## DIRECTIONS FOR THIS TASK
When the word "Courtyard" shows up in a line of the records below, copy that line.

[Excerpts from a dataset]
•••••
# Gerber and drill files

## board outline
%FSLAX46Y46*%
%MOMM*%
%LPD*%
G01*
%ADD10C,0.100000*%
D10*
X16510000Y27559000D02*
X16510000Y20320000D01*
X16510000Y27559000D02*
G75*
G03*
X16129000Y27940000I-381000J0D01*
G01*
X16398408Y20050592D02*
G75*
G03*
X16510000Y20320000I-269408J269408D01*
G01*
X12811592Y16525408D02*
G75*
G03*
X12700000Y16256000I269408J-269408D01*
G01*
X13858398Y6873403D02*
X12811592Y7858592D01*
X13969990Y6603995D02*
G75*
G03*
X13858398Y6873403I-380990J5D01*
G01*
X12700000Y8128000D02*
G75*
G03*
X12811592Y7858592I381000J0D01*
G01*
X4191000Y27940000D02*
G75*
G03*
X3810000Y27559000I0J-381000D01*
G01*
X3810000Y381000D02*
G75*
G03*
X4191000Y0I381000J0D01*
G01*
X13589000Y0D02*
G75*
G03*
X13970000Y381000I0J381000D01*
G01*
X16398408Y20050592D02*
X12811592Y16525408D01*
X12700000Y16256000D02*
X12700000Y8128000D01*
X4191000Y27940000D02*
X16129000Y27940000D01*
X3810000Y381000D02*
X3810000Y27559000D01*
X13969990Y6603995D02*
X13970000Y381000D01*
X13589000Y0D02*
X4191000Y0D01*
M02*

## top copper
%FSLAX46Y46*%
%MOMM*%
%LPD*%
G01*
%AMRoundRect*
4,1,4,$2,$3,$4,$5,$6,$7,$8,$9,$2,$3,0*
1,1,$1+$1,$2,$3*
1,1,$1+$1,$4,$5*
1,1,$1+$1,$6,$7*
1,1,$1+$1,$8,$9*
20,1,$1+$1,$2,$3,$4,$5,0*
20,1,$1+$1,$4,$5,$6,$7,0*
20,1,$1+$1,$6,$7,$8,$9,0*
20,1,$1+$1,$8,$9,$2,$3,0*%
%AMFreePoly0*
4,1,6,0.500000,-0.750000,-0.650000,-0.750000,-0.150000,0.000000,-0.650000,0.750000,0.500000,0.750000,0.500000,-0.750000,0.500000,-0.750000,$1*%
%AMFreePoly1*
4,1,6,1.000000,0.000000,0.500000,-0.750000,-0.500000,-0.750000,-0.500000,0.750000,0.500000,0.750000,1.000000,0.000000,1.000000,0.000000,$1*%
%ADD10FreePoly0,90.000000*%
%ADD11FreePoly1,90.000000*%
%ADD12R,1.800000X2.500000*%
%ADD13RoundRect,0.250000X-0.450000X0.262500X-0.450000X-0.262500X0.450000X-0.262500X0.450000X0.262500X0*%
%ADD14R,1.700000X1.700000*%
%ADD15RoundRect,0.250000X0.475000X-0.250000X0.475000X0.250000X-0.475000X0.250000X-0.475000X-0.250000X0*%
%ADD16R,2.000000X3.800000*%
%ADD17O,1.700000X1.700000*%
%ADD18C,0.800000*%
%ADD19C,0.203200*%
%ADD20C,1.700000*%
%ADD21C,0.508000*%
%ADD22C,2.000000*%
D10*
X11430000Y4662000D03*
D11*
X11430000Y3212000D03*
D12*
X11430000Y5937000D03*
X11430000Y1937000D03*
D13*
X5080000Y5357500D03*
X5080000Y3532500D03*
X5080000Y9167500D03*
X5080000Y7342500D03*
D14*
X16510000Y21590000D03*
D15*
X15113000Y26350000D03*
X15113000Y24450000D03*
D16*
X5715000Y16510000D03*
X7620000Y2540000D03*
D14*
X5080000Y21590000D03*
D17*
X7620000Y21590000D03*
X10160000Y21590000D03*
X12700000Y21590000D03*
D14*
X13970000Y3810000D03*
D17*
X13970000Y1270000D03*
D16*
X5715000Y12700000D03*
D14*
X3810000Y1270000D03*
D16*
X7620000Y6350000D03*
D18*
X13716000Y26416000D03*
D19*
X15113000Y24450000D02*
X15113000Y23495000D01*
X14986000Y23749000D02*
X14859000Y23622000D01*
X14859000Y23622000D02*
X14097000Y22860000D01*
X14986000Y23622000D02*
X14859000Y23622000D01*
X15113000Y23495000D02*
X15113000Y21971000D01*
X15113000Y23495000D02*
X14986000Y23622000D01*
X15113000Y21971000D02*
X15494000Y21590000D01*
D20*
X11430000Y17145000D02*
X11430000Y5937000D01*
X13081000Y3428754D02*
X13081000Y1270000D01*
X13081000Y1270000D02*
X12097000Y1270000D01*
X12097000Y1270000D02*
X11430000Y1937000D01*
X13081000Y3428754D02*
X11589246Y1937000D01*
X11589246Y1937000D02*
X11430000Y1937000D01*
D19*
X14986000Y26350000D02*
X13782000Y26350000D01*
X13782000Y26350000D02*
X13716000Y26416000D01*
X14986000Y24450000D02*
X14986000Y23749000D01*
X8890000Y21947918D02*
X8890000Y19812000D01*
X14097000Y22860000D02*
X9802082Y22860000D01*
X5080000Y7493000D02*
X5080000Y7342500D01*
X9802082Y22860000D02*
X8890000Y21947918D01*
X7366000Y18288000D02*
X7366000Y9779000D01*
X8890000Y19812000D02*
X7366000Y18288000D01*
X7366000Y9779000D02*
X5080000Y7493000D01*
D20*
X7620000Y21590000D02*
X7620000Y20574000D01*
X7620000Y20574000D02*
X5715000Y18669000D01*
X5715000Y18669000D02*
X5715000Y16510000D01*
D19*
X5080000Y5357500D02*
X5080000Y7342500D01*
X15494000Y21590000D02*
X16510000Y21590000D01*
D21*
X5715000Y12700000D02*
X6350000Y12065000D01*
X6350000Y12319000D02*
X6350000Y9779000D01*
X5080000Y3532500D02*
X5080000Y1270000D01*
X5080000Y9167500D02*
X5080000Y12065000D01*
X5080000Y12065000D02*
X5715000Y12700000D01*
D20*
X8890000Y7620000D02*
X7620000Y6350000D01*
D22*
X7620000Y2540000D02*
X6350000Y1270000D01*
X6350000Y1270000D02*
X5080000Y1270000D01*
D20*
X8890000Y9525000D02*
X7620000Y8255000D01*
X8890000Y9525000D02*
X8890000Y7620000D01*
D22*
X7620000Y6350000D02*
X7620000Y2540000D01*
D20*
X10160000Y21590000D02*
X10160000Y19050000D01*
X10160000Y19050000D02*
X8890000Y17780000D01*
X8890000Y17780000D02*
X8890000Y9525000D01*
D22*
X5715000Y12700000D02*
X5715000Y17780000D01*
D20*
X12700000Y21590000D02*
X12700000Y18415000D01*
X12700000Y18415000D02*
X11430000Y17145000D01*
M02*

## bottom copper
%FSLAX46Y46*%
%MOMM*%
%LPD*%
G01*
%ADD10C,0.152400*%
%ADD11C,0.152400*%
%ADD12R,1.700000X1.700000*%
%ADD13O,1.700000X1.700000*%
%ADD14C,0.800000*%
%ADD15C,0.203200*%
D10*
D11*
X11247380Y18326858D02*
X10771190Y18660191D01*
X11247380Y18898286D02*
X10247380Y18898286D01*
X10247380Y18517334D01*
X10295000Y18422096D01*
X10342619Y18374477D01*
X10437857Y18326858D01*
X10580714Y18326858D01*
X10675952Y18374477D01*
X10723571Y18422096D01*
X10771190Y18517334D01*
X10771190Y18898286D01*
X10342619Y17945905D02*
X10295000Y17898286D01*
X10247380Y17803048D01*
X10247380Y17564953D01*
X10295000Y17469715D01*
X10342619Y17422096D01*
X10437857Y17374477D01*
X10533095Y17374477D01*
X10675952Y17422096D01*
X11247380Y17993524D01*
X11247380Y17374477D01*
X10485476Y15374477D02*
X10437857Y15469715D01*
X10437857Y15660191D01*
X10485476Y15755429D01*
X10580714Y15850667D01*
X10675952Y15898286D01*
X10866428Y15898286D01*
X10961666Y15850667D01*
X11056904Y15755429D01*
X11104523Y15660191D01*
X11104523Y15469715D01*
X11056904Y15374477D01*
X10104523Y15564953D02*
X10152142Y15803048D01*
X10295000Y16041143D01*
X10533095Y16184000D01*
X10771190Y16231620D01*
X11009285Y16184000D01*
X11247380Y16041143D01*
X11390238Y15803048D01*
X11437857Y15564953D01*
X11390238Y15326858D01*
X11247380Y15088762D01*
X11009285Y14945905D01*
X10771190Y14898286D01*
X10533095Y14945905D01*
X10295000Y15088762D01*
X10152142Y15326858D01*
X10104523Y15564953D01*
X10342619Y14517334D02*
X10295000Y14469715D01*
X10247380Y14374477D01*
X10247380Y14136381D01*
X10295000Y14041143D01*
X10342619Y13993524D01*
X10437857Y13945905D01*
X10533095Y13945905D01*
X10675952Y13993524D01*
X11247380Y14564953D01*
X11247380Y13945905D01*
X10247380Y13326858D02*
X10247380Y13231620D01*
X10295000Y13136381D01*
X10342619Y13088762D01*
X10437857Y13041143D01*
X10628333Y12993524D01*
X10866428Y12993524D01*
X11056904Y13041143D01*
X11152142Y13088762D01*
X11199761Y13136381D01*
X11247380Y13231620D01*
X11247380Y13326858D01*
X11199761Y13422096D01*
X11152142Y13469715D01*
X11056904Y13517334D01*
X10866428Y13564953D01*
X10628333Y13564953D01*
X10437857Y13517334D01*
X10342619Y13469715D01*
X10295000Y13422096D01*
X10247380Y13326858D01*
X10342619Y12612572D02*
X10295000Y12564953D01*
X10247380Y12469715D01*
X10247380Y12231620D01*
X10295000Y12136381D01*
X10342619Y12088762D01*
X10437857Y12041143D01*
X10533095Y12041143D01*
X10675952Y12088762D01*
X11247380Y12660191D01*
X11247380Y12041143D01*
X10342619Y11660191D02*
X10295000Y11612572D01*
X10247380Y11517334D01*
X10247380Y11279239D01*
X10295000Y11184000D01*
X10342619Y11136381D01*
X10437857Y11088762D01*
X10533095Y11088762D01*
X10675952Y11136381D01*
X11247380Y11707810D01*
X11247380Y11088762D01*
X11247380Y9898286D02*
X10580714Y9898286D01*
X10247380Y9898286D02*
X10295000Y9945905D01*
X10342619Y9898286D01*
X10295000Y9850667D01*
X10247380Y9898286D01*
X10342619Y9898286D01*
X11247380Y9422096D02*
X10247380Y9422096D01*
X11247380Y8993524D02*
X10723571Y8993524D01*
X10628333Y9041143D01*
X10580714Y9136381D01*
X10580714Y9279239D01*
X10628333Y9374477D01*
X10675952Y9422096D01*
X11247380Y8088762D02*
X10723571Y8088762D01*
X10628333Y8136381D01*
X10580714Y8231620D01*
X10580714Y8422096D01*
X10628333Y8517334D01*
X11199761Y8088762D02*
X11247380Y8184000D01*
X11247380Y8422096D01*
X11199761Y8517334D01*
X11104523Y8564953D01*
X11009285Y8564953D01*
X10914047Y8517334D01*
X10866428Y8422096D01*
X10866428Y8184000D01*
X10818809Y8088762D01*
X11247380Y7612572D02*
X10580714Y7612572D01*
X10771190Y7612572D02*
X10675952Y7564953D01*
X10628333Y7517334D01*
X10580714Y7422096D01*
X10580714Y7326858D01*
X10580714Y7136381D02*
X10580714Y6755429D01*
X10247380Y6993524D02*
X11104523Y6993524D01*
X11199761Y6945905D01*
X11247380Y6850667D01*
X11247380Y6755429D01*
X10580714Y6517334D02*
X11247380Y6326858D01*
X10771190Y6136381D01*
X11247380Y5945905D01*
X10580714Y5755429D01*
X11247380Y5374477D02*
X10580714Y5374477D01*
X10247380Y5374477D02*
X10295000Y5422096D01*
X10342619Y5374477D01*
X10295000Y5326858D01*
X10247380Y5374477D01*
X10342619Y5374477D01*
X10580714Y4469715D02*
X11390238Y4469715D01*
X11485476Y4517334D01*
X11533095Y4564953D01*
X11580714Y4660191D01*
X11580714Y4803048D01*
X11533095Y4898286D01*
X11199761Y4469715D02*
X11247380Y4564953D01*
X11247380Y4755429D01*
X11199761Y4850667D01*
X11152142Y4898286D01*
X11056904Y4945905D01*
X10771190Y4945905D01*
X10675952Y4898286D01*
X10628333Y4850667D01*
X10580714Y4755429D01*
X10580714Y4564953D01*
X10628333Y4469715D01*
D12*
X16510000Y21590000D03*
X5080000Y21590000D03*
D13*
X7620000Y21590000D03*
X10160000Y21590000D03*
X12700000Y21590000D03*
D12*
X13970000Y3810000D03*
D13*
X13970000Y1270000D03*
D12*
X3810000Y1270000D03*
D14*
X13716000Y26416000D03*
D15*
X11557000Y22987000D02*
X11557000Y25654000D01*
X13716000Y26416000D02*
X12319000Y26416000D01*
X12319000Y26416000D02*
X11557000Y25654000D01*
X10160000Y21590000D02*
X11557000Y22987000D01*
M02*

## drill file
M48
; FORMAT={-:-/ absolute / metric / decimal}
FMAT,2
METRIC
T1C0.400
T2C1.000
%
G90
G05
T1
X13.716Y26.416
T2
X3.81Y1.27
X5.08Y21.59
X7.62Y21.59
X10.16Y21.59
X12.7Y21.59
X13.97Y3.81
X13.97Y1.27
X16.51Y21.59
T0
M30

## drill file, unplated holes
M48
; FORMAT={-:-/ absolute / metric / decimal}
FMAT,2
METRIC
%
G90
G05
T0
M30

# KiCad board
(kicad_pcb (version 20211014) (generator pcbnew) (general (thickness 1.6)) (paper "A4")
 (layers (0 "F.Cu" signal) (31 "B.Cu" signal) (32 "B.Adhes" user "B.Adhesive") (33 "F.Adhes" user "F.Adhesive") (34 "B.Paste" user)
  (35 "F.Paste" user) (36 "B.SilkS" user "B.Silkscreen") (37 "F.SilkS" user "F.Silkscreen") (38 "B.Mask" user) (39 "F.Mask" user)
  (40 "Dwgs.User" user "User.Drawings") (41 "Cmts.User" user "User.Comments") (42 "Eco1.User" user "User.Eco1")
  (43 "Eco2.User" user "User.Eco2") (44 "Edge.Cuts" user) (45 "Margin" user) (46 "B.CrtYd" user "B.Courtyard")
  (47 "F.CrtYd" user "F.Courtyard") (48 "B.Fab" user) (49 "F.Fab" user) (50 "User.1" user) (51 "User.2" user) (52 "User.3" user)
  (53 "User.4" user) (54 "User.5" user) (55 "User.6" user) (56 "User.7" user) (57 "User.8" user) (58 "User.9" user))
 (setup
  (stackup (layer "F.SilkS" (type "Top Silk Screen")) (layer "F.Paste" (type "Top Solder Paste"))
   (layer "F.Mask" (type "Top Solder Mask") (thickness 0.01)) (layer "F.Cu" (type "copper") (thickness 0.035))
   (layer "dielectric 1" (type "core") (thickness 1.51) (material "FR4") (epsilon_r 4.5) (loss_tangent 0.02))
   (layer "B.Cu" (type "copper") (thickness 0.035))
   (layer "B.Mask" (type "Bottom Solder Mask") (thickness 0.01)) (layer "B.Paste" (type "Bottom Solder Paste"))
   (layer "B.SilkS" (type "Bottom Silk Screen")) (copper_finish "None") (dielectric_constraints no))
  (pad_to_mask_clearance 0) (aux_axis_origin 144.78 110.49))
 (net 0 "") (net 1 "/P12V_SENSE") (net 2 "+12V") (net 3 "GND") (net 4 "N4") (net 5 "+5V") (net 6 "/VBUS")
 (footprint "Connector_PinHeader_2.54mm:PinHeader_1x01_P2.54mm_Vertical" (layer "F.Cu") (at 161.29 88.9 90)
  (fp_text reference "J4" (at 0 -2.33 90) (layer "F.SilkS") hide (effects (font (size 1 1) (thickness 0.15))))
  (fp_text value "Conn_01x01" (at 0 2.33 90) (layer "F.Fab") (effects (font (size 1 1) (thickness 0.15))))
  (pad "1" thru_hole rect (at 0 0 90) (size 1.7 1.7) (drill 1) (layers *.Cu *.Mask) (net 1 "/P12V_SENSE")))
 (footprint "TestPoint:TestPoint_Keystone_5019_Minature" (layer "F.Cu") (at 150.495 93.98 90)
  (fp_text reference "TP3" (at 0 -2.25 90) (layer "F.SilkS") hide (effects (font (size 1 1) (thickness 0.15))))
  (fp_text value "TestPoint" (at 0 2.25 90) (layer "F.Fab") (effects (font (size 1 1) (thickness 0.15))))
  (pad "1" smd rect (at 0 0 90) (size 3.8 2) (layers "F.Cu" "F.Paste" "F.Mask") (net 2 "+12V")))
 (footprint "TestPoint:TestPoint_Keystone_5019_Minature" (layer "F.Cu") (at 152.4 107.95 90)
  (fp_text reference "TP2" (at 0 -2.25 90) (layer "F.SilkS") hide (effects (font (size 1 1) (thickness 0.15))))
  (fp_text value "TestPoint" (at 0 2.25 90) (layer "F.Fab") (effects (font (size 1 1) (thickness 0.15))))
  (pad "1" smd rect (at 0 0 90) (size 3.8 2) (layers "F.Cu" "F.Paste" "F.Mask") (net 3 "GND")))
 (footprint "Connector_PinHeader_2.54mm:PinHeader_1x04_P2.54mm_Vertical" (layer "F.Cu") (at 149.86 88.9 90)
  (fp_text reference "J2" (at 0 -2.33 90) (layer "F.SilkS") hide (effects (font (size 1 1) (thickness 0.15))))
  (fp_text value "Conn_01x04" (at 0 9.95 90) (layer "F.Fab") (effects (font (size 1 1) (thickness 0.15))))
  (pad "1" thru_hole rect (at 0 0 90) (size 1.7 1.7) (drill 1) (layers *.Cu *.Mask) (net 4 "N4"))
  (pad "2" thru_hole oval (at 0 2.54 90) (size 1.7 1.7) (drill 1) (layers *.Cu *.Mask) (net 2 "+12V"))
•••••
## COMPLETED EXERCISE
  (43 "Eco2.User" user "User.Eco2") (44 "Edge.Cuts" user) (45 "Margin" user) (46 "B.CrtYd" user "B.Courtyard")
  (47 "F.CrtYd" user "F.Courtyard") (48 "B.Fab" user) (49 "F.Fab" user) (50 "User.1" user) (51 "User.2" user) (52 "User.3" user)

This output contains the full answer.